Department of Pharmacology, University of California San Diego, 9500 Gilman Dr., Mail Code 0721, La Jolla, CA 92093, USA
While PHLPP2 and its family member PHLPP1 have similar functions, their specificity for Akt isoforms differs. PHLPP1 preferentially binds and dephosphorylates Akt2 and Akt3, resulting in decreased phosphorylation of a set of Akt targets that includes GSK-3beta, TSC2, and FoxO, as well as HDM2 and GSK3a. PHLPP2, on the other hand, binds and dephosphorylates Akt1 and Akt3, resulting in downregulation of an overlapping yet distinct set of downstream targets: GSK-3beta, TSC2, and FoxO, as well as TSC2 and p27.
PHLPP2 regulates cellular survival and proliferation, partially by regulating Akt. PHLPP2 overexpression increases apoptosis in cancer cell lines under low serum conditions; this effect is partially blocked by overexpressing an Akt mutant that is resistant to dephosphorylation by PHLPP. Conversely, siRNA-mediated knockdown of PHLPP2 decreases basal and etoposide-stimulated apoptosis and increases cellular proliferation.
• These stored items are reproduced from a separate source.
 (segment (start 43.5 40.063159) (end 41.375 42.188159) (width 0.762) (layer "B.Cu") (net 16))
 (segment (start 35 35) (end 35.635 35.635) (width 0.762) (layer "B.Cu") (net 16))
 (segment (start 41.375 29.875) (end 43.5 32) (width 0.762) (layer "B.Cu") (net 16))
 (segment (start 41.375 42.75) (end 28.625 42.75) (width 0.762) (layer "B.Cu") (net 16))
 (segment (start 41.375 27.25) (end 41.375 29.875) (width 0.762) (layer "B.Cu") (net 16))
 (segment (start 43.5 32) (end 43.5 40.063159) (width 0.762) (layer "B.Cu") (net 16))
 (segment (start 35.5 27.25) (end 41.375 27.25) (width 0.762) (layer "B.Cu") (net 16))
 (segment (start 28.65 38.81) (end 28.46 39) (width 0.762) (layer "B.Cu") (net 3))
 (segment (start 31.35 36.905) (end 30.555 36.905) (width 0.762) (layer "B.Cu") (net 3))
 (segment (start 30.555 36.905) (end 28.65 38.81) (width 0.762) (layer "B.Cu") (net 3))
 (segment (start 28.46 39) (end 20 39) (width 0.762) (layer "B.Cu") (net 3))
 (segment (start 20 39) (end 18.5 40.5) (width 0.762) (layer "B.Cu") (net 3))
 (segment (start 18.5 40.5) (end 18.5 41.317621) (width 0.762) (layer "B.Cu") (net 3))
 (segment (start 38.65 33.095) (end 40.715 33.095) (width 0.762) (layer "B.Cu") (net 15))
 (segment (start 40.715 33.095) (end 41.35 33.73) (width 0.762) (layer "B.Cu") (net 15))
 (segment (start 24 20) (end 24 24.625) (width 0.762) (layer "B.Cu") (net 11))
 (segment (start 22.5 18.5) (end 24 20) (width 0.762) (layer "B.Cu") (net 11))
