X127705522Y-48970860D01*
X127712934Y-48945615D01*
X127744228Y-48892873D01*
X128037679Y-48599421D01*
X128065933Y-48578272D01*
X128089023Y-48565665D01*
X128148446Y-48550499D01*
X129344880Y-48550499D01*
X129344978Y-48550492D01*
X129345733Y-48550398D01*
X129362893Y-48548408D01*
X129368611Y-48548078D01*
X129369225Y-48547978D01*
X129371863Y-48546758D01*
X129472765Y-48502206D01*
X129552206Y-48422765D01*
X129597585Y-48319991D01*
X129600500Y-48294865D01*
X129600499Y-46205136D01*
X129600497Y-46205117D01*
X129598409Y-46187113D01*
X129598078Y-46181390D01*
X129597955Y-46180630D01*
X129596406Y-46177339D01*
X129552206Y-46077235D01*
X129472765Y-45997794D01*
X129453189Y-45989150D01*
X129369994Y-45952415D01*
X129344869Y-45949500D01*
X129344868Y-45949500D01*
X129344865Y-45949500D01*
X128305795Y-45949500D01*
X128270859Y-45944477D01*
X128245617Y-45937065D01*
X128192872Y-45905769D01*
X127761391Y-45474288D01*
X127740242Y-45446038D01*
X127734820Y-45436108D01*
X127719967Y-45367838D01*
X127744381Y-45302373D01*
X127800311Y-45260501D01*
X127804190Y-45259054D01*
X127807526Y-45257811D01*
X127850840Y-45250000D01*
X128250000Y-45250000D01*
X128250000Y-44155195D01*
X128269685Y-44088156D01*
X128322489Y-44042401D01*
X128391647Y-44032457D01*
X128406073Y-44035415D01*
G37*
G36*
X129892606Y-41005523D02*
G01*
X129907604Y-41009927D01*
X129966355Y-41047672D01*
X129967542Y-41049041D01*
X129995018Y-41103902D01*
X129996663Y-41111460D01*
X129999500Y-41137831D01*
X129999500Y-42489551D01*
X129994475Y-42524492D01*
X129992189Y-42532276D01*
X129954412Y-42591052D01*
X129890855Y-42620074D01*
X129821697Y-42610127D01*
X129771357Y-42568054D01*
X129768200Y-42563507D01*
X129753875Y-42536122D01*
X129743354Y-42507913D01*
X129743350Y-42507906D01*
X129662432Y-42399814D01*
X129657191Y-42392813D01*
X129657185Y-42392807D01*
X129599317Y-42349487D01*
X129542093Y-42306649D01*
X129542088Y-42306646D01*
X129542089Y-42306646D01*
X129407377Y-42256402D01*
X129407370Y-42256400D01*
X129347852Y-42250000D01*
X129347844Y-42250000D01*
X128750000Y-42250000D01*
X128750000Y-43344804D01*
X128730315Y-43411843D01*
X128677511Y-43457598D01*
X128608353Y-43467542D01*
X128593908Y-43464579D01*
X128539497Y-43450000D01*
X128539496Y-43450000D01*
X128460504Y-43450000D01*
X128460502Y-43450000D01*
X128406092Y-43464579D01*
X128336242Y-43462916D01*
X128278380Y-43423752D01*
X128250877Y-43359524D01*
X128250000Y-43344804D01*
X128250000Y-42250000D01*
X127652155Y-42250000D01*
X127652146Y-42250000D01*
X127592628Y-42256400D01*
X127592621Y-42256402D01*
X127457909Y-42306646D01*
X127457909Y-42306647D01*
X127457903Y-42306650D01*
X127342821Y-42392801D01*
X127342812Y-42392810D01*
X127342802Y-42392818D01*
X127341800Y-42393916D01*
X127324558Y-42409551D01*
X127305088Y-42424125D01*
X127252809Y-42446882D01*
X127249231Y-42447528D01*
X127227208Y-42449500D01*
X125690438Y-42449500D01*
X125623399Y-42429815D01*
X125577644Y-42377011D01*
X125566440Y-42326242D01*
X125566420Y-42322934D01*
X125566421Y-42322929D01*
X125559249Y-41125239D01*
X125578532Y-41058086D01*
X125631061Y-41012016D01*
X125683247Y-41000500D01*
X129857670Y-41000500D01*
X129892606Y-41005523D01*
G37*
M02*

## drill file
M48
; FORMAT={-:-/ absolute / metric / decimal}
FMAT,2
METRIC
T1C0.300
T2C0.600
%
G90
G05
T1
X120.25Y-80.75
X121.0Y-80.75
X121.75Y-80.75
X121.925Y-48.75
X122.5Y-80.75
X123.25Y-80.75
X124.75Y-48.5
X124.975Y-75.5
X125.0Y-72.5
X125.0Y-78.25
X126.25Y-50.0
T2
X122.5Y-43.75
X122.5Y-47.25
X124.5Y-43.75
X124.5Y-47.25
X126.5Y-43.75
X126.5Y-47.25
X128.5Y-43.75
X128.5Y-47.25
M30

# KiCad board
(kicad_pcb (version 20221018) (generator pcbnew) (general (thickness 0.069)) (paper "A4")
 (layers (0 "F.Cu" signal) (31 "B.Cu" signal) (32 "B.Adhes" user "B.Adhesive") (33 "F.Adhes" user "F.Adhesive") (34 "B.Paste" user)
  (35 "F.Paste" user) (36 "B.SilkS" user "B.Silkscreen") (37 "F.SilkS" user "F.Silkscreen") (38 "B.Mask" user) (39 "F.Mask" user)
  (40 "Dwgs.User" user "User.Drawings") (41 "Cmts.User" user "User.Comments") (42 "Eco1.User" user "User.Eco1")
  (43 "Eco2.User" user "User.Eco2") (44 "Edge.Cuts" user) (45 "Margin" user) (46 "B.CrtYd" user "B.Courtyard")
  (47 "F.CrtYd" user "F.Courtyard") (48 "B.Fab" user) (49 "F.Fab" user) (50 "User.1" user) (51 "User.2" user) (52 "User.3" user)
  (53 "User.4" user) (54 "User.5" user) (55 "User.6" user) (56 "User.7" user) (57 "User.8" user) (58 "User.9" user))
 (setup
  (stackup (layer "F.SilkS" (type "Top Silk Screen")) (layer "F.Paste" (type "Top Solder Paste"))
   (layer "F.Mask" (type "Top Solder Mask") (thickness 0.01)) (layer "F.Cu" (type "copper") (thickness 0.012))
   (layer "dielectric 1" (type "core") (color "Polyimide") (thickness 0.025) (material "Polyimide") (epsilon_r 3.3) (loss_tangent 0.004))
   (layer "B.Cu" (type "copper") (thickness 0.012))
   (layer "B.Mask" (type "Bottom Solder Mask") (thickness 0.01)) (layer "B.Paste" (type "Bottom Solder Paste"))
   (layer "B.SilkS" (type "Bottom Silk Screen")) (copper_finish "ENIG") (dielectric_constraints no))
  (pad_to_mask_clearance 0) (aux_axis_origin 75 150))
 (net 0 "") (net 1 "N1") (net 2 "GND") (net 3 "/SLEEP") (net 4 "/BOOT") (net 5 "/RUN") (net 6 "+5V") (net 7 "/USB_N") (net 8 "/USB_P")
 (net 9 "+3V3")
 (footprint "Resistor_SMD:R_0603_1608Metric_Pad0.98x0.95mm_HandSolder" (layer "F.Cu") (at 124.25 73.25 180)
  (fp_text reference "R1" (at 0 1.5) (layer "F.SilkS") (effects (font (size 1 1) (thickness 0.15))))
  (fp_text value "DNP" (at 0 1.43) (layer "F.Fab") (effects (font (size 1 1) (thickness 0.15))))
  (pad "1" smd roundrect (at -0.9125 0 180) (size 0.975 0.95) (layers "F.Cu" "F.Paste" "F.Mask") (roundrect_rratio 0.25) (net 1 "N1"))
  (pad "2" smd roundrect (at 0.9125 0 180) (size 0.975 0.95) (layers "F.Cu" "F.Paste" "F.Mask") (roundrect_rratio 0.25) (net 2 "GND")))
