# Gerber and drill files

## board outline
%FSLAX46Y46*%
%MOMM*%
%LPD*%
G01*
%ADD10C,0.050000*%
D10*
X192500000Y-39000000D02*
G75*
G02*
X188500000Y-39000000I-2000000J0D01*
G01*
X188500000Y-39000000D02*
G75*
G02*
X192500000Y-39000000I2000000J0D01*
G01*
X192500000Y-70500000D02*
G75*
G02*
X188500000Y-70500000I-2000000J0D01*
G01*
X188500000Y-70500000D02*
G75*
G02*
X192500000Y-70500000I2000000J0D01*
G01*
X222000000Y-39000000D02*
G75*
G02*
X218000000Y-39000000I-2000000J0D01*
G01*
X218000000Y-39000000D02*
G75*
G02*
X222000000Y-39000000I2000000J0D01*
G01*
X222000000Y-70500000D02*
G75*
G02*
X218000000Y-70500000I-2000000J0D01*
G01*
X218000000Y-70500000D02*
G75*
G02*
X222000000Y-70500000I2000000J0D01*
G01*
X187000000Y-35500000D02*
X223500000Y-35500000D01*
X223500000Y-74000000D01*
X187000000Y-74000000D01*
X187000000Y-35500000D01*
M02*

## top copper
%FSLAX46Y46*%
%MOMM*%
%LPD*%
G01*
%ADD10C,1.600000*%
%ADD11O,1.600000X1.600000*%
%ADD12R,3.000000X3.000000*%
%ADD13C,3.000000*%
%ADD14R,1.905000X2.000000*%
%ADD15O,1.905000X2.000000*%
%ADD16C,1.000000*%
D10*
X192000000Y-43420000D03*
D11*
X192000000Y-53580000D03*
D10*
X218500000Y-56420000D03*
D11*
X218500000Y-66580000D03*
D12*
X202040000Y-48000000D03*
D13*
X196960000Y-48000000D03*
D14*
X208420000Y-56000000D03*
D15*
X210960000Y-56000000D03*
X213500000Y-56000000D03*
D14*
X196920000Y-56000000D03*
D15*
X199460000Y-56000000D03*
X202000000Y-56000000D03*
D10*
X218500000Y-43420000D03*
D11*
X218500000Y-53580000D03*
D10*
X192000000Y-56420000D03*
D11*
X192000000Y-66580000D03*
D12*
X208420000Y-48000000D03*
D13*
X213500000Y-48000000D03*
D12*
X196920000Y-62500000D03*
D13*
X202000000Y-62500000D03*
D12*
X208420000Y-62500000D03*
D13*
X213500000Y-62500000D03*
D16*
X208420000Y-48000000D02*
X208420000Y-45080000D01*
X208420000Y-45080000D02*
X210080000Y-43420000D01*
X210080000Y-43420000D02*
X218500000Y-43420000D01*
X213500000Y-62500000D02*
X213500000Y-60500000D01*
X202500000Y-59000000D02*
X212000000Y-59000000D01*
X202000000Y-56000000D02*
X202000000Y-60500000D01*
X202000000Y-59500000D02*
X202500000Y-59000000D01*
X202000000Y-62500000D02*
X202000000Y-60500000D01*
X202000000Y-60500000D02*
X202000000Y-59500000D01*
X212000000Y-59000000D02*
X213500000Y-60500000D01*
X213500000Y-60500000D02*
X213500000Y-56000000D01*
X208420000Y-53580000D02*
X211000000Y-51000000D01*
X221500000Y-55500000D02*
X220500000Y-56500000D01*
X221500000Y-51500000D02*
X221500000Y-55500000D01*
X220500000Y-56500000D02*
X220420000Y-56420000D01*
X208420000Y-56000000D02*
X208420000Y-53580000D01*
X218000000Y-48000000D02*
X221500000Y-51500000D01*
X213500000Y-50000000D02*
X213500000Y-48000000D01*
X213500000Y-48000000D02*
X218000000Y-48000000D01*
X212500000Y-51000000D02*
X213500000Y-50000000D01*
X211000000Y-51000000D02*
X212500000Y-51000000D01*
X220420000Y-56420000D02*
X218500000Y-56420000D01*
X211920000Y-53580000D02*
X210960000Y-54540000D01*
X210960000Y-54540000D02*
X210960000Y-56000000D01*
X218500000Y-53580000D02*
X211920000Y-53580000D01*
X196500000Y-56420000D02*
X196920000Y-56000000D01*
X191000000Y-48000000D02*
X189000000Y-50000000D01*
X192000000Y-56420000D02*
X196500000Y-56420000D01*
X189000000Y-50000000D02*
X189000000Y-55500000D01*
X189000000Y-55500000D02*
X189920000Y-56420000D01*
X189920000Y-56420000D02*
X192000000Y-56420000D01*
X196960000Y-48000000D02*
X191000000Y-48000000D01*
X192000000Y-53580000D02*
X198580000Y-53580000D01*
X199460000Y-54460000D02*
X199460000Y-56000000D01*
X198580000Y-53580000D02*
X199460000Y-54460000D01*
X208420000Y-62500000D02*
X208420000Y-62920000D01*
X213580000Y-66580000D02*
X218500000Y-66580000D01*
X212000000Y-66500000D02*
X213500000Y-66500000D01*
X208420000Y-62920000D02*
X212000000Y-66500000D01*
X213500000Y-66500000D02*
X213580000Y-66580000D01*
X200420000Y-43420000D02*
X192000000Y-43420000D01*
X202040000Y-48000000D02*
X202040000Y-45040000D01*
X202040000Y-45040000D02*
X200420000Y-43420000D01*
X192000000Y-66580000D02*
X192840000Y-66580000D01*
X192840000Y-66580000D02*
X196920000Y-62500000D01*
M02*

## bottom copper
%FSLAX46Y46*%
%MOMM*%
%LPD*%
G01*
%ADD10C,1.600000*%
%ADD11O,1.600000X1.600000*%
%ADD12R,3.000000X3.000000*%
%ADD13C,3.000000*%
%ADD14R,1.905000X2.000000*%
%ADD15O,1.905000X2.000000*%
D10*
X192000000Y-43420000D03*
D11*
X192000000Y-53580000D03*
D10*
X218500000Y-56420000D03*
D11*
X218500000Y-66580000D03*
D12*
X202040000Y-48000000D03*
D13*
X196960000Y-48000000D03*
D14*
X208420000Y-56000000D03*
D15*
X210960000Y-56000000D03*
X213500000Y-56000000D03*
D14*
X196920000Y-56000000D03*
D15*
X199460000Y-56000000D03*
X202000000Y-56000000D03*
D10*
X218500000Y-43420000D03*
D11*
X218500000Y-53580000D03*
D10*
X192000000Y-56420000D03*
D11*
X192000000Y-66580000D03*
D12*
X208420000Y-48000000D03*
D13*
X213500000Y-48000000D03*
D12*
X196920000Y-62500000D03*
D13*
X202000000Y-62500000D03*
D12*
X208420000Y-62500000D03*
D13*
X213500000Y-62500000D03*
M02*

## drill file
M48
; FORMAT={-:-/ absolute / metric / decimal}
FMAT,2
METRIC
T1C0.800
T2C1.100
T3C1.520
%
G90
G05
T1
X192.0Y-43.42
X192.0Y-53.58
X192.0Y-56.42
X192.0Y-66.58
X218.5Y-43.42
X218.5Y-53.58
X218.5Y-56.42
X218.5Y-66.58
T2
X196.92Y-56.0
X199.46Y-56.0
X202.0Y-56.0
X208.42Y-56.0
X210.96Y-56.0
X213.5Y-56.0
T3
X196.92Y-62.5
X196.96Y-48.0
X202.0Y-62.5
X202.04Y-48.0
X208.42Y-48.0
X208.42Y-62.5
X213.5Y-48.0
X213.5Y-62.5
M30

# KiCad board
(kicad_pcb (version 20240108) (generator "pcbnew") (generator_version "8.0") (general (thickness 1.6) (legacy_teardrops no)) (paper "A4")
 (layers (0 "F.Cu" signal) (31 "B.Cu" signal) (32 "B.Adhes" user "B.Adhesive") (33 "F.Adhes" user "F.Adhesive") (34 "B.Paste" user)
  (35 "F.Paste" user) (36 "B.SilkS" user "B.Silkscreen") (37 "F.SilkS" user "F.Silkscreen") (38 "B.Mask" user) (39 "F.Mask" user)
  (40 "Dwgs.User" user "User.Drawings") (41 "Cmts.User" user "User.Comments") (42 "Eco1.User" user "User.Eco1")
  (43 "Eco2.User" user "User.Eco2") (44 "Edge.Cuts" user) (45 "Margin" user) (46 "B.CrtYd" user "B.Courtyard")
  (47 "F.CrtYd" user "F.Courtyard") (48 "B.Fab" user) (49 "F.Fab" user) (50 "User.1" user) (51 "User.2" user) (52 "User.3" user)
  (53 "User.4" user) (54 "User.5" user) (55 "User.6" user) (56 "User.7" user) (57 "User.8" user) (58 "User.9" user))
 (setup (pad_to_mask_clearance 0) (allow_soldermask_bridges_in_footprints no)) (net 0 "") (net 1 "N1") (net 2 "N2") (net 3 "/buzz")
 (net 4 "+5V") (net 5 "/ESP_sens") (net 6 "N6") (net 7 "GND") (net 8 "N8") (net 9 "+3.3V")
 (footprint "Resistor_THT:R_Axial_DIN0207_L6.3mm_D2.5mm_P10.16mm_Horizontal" (layer "F.Cu") (at 192 43.42 -90)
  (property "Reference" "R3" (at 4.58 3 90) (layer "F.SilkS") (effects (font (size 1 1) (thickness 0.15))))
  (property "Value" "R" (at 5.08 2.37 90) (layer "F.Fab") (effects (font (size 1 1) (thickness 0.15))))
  (pad "1" thru_hole circle (at 0 0 270) (size 1.6 1.6) (drill 0.8) (layers "*.Cu" "*.Mask") (remove_unused_layers no) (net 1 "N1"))
  (pad "2" thru_hole oval (at 10.16 0 270) (size 1.6 1.6) (drill 0.8) (layers "*.Cu" "*.Mask") (remove_unused_layers no) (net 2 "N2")))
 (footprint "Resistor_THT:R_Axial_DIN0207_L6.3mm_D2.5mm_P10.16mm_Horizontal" (layer "F.Cu") (at 218.5 56.42 -90)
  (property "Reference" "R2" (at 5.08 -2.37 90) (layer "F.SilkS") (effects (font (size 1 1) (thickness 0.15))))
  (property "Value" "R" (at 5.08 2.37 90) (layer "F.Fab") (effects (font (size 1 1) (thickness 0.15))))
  (pad "1" thru_hole circle (at 0 0 270) (size 1.6 1.6) (drill 0.8) (layers "*.Cu" "*.Mask") (remove_unused_layers no) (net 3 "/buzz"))
  (pad "2" thru_hole oval (at 10.16 0 270) (size 1.6 1.6) (drill 0.8) (layers "*.Cu" "*.Mask") (remove_unused_layers no) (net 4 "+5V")))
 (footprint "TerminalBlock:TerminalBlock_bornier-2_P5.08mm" (layer "F.Cu") (at 202.04 48 180)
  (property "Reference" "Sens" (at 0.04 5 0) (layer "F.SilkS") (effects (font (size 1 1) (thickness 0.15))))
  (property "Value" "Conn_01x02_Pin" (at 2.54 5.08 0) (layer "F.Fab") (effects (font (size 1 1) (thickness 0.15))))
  (pad "1" thru_hole rect (at 0 0 180) (size 3 3) (drill 1.52) (layers "*.Cu" "*.Mask") (remove_unused_layers no) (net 1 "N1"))
  (pad "2" thru_hole circle (at 5.08 0 180) (size 3 3) (drill 1.52) (layers "*.Cu" "*.Mask") (remove_unused_layers no) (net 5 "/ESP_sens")))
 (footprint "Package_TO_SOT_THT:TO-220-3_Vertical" (layer "F.Cu") (at 208.42 56)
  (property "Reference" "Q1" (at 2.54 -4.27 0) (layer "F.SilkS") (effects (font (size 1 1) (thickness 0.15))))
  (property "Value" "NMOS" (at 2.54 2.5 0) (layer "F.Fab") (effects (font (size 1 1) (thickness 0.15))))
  (pad "1" thru_hole rect (at 0 0) (size 1.905 2) (drill 1.1) (layers "*.Cu" "*.Mask") (remove_unused_layers no) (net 3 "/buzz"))
  (pad "2" thru_hole oval (at 2.54 0) (size 1.905 2) (drill 1.1) (layers "*.Cu" "*.Mask") (remove_unused_layers no) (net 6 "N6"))
  (pad "3" thru_hole oval (at 5.08 0) (size 1.905 2) (drill 1.1) (layers "*.Cu" "*.Mask") (remove_unused_layers no) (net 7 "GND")))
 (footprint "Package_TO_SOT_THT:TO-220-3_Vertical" (layer "F.Cu") (at 196.92 56)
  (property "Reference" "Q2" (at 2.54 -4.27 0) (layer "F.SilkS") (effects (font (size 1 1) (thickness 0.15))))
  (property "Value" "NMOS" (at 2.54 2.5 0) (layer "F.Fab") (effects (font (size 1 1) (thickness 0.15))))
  (pad "1" thru_hole rect (at 0 0) (size 1.905 2) (drill 1.1) (layers "*.Cu" "*.Mask") (remove_unused_layers no) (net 5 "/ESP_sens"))
  (pad "2" thru_hole oval (at 2.54 0) (size 1.905 2) (drill 1.1) (layers "*.Cu" "*.Mask") (remove_unused_layers no) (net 2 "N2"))
  (pad "3" thru_hole oval (at 5.08 0) (size 1.905 2) (drill 1.1) (layers "*.Cu" "*.Mask") (remove_unused_layers no) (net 7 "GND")))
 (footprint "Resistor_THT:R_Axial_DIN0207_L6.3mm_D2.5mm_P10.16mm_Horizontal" (layer "F.Cu") (at 218.5 43.42 -90)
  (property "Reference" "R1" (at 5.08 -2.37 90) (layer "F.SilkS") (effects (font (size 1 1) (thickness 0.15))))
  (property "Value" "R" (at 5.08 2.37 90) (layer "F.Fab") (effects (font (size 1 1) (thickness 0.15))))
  (pad "1" thru_hole circle (at 0 0 270) (size 1.6 1.6) (drill 0.8) (layers "*.Cu" "*.Mask") (remove_unused_layers no) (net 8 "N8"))
  (pad "2" thru_hole oval (at 10.16 0 270) (size 1.6 1.6) (drill 0.8) (layers "*.Cu" "*.Mask") (remove_unused_layers no) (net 6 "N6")))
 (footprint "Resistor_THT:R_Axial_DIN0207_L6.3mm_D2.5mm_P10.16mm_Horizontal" (layer "F.Cu") (at 192 56.42 -90)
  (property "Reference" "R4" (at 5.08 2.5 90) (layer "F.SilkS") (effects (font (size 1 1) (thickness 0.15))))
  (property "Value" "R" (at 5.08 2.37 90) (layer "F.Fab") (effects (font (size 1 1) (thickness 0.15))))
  (pad "1" thru_hole circle (at 0 0 270) (size 1.6 1.6) (drill 0.8) (layers "*.Cu" "*.Mask") (remove_unused_layers no) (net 5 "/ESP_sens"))
  (pad "2" thru_hole oval (at 10.16 0 270) (size 1.6 1.6) (drill 0.8) (layers "*.Cu" "*.Mask") (remove_unused_layers no) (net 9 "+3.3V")))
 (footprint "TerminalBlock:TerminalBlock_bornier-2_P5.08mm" (layer "F.Cu") (at 208.42 48)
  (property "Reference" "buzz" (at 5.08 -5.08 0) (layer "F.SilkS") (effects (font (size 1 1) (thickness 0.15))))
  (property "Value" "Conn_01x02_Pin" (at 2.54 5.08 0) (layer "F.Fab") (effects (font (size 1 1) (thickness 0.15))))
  (pad "1" thru_hole rect (at 0 0) (size 3 3) (drill 1.52) (layers "*.Cu" "*.Mask") (remove_unused_layers no) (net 8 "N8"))
  (pad "2" thru_hole circle (at 5.08 0) (size 3 3) (drill 1.52) (layers "*.Cu" "*.Mask") (remove_unused_layers no) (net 3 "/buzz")))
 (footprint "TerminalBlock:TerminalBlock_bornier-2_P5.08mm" (layer "F.Cu") (at 196.92 62.5)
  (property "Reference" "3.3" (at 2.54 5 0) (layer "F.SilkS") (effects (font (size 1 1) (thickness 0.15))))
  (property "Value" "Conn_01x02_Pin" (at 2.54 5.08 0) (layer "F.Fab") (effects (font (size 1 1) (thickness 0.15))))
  (pad "1" thru_hole rect (at 0 0) (size 3 3) (drill 1.52) (layers "*.Cu" "*.Mask") (remove_unused_layers no) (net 9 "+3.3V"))
  (pad "2" thru_hole circle (at 5.08 0) (size 3 3) (drill 1.52) (layers "*.Cu" "*.Mask") (remove_unused_layers no) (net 7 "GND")))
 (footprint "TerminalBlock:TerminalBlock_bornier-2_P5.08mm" (layer "F.Cu") (at 208.42 62.5)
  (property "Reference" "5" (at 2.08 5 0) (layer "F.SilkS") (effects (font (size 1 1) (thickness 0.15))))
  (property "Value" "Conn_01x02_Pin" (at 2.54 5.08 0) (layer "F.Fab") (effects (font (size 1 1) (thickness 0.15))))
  (pad "1" thru_hole rect (at 0 0) (size 3 3) (drill 1.52) (layers "*.Cu" "*.Mask") (remove_unused_layers no) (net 4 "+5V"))
  (pad "2" thru_hole circle (at 5.08 0) (size 3 3) (drill 1.52) (layers "*.Cu" "*.Mask") (remove_unused_layers no) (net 7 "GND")))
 (gr_circle (center 190.5 39) (end 192.5 39) (stroke (width 0.05) (type default)) (fill none) (layer "Edge.Cuts"))
 (gr_circle (center 190.5 70.5) (end 192.5 70.5) (stroke (width 0.05) (type default)) (fill none) (layer "Edge.Cuts"))
 (gr_circle (center 220 39) (end 222 39) (stroke (width 0.05) (type default)) (fill none) (layer "Edge.Cuts"))
 (gr_circle (center 220 70.5) (end 222 70.5) (stroke (width 0.05) (type default)) (fill none) (layer "Edge.Cuts"))
 (gr_rect (start 187 35.5) (end 223.5 74) (stroke (width 0.05) (type default)) (fill none) (layer "Edge.Cuts"))
 (segment (start 208.42 48) (end 208.42 45.08) (width 1) (layer "F.Cu") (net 8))
 (segment (start 208.42 45.08) (end 210.08 43.42) (width 1) (layer "F.Cu") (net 8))
 (segment (start 210.08 43.42) (end 218.5 43.42) (width 1) (layer "F.Cu") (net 8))
 (segment (start 213.5 62.5) (end 213.5 60.5) (width 1) (layer "F.Cu") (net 7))
 (segment (start 202.5 59) (end 212 59) (width 1) (layer "F.Cu") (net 7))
PHLPP2 may also be involved in cAMP signaling to Akt. PHLPP2 binds adenylyl cyclase type 6 in cardiac myocytes, and treatments that raise cAMP levels decrease Akt HM phosphorylation, possibly through activation of PHLPP.
The L1016S variant of PHLPP2 may be involved in breast cancer. Although most breast cancer cell lines are homozygous for the Leucine allele, some are homozygous for the Serine allele. In addition, the normal breast cell line Hs578Bst is heterozygous (Leu/Ser) at position 1016, while its pair-matched tumor cell line Hs578t has only the Serine allele, suggesting that the gene has undergone loss of heterozygosity in this tumor. Similar results were obtained upon comparing normal and tumor tissues from breast cancer patients who are heterozygous at position 1016. High-grade breast tumors from some of these patients exhibited loss of the Leucine allele, but no tumors exhibited loss of the Serine allele. Further characterization of the L1016S mutant has revealed that its phosphatase activity (as measured by activity toward Akt) and its ability to promote apoptosis are defective. Moreover, siRNA-mediated knockdown of PHLPP2 in Ser/Ser breast cancer cell lines has no effect on Akt phosphorylation or PKCalpha levels, while knocking down PHLPP2 in cell lines with at least one Leucine allele increases Akt phosphorylation and PKCalpha levels. All in all, the data indicate that the version of PHLPP2 with Serine at position 1016 is less functional towards Akt and PKC than the wildtype version, and that loss of the wildtype allele in heterozygous (Leu/Ser) breast cancer patients may be involved in the progression of breast cancer.
NCBI: 23035 MIM: 611066 HGNC: 29149 Ensembl: ENSG00000040199
dbSNP: 23035 ClinVar: 23035 TCGA: ENSG00000040199 COSMIC: PHLPP2
Audrey K ONeill ; Alexandra C Newton
PHLPP2 (PH domain leucine-rich repeat protein phosphatase 2)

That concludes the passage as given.